# click/clunk noise



## sent07 (Oct 1, 2010)

Hi. I have a 2007 Sentra CVT tansmission with about 33k. It has had a clicking sound when shifting from drive<>reverse for a while however recently has become louder, making a clunk sound. It always happens when shifting drive<>reverse. It has also started making the sound occasionally when stopping/accelerating. It has a rebuilt title so the warranty is void but had no front damage.

I have read about several different things that could possibly make this sound. I thought maybe an inner cv joint but they seem tight. There is no problems with the cv joint boots, no fluid leaks anywhere. There is a little play in the inner CV joint where it goes into the transmission, but less than 1/8" I would say. I also read about bad motor mounts and hoped this was the problem, but they "look" ok. Seems as if there are 3 of them. And lastly could this be the CVT transmission? It works fine and makes no sound when driving. The fluid seems to be clean. What usually goes bad in these?

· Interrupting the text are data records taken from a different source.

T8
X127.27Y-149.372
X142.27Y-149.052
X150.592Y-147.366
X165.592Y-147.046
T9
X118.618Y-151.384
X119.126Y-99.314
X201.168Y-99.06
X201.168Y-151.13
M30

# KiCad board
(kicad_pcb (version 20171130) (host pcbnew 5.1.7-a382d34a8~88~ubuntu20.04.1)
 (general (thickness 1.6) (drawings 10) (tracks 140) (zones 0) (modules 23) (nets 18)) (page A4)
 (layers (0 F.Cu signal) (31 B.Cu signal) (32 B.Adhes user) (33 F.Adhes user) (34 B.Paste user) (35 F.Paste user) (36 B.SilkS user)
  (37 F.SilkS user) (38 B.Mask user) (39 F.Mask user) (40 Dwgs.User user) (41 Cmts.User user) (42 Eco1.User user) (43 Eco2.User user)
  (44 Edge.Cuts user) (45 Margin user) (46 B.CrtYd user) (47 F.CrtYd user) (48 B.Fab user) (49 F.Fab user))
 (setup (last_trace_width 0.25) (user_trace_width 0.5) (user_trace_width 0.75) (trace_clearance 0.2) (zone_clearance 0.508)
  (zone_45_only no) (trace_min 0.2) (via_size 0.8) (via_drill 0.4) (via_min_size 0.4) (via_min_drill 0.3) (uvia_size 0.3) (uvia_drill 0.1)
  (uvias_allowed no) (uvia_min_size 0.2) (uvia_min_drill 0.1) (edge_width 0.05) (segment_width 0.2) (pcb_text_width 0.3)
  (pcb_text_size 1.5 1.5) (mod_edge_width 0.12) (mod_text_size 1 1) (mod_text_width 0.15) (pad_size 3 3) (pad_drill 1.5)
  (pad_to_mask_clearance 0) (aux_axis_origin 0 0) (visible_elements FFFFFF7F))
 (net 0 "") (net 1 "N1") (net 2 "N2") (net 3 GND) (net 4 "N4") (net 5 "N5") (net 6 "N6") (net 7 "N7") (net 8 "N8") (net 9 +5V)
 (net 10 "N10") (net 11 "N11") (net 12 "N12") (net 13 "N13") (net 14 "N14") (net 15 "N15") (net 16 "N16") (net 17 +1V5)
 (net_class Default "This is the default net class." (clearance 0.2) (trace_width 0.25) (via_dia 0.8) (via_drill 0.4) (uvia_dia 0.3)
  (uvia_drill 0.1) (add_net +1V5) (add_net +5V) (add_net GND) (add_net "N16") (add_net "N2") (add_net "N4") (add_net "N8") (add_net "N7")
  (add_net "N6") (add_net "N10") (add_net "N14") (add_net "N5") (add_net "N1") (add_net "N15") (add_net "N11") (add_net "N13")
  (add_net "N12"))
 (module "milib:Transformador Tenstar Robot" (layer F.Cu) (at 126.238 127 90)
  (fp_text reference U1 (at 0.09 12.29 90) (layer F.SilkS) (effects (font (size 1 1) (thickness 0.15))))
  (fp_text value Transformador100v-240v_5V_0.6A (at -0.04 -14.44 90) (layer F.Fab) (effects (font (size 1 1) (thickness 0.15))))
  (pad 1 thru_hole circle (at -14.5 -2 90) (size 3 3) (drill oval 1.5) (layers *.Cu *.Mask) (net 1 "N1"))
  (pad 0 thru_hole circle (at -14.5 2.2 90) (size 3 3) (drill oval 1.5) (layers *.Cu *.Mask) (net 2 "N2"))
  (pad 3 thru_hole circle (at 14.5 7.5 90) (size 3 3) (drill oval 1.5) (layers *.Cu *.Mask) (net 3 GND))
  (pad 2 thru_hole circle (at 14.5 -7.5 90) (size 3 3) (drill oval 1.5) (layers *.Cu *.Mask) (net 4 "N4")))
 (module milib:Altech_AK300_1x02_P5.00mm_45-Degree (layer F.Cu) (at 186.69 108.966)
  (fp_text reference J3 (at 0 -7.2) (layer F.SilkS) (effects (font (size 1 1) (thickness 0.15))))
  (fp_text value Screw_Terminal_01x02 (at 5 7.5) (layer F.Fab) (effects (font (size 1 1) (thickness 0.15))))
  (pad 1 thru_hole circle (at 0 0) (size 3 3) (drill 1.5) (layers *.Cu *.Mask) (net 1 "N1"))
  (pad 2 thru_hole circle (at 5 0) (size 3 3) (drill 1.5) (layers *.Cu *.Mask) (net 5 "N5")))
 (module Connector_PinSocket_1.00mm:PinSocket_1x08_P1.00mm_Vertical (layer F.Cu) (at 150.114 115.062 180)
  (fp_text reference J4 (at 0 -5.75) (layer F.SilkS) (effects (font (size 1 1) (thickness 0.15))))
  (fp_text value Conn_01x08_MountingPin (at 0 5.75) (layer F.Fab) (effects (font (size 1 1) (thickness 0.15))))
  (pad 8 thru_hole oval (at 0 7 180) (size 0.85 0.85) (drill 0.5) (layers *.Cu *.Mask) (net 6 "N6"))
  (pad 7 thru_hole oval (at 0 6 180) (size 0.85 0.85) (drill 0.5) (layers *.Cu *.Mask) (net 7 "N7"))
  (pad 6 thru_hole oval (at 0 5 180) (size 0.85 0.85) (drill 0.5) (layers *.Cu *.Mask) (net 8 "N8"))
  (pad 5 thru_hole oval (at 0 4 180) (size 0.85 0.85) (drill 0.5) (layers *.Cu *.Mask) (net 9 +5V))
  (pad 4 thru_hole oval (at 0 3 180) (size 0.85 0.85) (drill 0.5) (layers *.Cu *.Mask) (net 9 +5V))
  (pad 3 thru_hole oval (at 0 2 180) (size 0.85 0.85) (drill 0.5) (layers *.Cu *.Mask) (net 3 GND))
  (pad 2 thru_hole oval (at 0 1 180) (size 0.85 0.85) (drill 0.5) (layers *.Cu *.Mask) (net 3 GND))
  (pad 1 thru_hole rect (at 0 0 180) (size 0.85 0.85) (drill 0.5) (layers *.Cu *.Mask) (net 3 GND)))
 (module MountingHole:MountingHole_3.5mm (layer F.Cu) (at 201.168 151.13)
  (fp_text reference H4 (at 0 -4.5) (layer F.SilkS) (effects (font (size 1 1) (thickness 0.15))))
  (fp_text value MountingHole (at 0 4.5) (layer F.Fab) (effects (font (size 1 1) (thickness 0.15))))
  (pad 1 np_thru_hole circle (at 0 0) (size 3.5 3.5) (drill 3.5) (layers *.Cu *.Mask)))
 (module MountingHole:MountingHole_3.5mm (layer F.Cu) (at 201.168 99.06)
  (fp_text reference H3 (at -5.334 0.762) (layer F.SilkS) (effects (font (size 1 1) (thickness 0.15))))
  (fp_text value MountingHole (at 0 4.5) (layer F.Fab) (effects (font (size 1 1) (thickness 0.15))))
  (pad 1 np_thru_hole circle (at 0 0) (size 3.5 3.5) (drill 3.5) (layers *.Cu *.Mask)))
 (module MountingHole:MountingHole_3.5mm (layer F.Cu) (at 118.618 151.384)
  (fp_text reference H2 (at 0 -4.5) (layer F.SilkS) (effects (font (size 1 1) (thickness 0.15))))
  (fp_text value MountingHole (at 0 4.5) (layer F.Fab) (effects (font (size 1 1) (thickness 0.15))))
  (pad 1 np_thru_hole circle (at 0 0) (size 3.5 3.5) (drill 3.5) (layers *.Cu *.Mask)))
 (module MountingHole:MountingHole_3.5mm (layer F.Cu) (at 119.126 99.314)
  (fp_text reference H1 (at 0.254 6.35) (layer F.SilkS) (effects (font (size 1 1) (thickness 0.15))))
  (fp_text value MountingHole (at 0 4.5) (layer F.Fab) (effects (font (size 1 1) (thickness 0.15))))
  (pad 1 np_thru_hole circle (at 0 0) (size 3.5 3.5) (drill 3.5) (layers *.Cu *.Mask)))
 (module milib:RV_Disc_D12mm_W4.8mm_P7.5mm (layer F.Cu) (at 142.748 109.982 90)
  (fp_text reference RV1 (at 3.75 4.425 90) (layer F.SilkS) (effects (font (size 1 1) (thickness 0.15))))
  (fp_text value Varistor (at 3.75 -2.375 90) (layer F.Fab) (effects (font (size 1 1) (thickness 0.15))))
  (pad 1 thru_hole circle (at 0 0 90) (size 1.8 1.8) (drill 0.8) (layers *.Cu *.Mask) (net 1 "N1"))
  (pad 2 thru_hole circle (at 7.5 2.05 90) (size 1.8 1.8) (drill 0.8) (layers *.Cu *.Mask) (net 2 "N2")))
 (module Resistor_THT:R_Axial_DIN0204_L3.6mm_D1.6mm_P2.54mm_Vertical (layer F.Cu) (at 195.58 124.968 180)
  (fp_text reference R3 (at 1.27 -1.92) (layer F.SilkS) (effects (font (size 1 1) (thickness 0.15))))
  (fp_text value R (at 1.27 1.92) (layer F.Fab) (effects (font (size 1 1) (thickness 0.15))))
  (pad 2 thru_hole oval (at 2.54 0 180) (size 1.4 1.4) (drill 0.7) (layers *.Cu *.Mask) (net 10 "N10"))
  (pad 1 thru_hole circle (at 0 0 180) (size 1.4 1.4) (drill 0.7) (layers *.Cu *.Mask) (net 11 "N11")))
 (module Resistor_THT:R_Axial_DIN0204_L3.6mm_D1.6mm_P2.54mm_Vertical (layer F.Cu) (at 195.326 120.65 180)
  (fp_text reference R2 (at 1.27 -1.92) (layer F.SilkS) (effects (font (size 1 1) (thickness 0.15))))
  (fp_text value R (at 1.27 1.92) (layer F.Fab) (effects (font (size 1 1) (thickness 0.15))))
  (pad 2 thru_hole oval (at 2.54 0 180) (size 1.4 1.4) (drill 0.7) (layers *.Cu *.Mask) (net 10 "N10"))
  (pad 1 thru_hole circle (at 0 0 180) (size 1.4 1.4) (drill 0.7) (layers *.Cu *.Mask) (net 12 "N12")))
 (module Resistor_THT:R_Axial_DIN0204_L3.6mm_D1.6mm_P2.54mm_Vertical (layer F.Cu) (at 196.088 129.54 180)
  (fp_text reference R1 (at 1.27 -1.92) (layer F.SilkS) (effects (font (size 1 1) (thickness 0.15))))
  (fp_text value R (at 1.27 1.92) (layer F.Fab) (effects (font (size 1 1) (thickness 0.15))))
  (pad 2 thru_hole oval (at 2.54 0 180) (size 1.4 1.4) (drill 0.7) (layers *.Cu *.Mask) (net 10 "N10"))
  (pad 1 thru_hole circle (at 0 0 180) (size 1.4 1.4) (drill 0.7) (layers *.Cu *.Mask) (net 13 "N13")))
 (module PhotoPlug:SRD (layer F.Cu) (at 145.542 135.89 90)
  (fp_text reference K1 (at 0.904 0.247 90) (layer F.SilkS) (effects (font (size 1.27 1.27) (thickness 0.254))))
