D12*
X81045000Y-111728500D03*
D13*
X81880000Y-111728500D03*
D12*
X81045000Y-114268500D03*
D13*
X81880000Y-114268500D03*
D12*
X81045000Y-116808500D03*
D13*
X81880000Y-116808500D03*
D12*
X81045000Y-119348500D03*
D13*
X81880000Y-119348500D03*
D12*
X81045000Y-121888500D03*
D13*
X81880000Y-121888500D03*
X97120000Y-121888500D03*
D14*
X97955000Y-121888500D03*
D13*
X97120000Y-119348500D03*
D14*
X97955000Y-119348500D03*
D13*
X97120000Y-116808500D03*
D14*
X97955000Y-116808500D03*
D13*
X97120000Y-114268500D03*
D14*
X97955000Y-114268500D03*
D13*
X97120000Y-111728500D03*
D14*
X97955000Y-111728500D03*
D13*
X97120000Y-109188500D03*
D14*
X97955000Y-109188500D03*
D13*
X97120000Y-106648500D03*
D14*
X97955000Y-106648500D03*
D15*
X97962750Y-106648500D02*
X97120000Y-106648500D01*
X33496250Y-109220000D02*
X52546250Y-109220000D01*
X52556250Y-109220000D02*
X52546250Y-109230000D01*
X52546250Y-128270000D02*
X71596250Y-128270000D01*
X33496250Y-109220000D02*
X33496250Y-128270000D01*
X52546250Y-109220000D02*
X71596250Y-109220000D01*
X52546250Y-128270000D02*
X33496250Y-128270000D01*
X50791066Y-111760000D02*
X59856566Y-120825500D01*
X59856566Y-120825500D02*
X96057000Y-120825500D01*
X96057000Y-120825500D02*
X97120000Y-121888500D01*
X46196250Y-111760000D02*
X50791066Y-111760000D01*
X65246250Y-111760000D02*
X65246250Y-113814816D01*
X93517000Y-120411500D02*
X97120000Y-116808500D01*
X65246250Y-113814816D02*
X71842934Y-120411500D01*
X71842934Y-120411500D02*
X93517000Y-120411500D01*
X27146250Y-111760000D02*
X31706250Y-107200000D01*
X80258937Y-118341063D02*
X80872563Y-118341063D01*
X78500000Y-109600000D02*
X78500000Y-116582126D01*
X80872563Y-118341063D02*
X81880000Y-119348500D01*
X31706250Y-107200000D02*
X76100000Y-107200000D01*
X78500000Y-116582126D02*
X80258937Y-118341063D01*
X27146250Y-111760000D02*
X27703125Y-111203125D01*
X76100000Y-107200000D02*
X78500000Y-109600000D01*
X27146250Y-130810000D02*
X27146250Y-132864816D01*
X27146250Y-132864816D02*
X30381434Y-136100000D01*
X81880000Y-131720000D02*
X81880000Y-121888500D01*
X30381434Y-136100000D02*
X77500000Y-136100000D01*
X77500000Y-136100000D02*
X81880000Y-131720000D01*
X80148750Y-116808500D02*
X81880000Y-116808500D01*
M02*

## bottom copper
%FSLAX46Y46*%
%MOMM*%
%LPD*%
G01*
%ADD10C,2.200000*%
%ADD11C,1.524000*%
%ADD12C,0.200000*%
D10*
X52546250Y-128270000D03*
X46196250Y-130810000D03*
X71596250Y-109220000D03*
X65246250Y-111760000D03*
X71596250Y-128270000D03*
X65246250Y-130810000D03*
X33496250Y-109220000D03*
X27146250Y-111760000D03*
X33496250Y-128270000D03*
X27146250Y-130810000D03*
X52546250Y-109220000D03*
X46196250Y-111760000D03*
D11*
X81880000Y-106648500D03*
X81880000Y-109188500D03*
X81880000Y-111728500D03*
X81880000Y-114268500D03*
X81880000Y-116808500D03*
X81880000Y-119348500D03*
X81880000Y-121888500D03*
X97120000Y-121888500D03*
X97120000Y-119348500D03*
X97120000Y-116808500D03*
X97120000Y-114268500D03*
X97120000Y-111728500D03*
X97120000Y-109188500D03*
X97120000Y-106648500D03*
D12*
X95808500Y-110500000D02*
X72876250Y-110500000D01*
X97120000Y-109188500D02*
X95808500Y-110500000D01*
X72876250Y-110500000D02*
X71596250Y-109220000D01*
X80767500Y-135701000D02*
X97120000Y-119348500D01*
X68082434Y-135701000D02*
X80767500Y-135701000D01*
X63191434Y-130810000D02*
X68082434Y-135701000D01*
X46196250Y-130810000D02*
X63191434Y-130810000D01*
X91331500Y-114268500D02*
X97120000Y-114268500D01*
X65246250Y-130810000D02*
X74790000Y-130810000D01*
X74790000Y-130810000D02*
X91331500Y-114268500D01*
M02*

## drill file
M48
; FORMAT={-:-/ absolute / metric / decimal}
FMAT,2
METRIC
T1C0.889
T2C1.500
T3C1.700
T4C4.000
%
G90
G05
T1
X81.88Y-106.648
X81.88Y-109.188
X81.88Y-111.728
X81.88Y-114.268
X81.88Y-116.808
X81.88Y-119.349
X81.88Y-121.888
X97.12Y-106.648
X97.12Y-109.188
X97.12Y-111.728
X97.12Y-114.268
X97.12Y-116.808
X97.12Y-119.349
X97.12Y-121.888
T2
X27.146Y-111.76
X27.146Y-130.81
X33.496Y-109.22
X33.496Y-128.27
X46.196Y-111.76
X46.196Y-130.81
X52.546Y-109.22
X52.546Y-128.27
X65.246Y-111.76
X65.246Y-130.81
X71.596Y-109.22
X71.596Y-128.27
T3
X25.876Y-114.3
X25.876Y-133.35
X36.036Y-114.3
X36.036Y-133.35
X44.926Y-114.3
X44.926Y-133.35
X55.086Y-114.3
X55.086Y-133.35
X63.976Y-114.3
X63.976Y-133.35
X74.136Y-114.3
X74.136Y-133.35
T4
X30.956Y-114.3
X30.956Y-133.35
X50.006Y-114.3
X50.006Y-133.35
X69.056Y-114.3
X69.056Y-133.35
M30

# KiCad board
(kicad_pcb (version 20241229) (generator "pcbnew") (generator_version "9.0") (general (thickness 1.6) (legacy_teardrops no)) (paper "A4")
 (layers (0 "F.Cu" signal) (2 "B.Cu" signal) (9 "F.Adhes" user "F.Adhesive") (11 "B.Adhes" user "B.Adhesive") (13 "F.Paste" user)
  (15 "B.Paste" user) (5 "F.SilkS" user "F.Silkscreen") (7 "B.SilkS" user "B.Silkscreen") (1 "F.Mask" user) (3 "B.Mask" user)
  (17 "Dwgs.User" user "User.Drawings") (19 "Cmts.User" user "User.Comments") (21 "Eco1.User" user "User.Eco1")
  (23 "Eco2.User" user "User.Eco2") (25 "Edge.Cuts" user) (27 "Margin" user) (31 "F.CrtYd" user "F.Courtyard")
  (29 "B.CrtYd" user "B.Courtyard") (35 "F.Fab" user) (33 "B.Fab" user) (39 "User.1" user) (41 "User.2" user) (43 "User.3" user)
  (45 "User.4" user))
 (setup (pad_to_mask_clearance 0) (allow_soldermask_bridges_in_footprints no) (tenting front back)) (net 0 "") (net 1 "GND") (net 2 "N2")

Any ideas or suggestions would be appreciated before I take it in to a garage. Thanks in advance.


----------



## ChrisAce (Sep 30, 2004)

I recently purchased a 2010 Sentra so I am not too familiar with the CVT operation. But I know I like it!

Have you checked the fluid level lately? Also, not sure what the recommended mileage to flushing the fluid is. For standard automatic transmissions I have seen shifting clunks usually fixed by a nice clean fluid flush.

Good luck! Be sure to let us know what you find out.


----------



## sent07 (Oct 1, 2010)

I took it to the local transmission shop today. He's pretty sure it is the left axle outer cv joint however said it is definitely unusual considering the boot is excellent and there is no popping with wheel cut driving in a circle. 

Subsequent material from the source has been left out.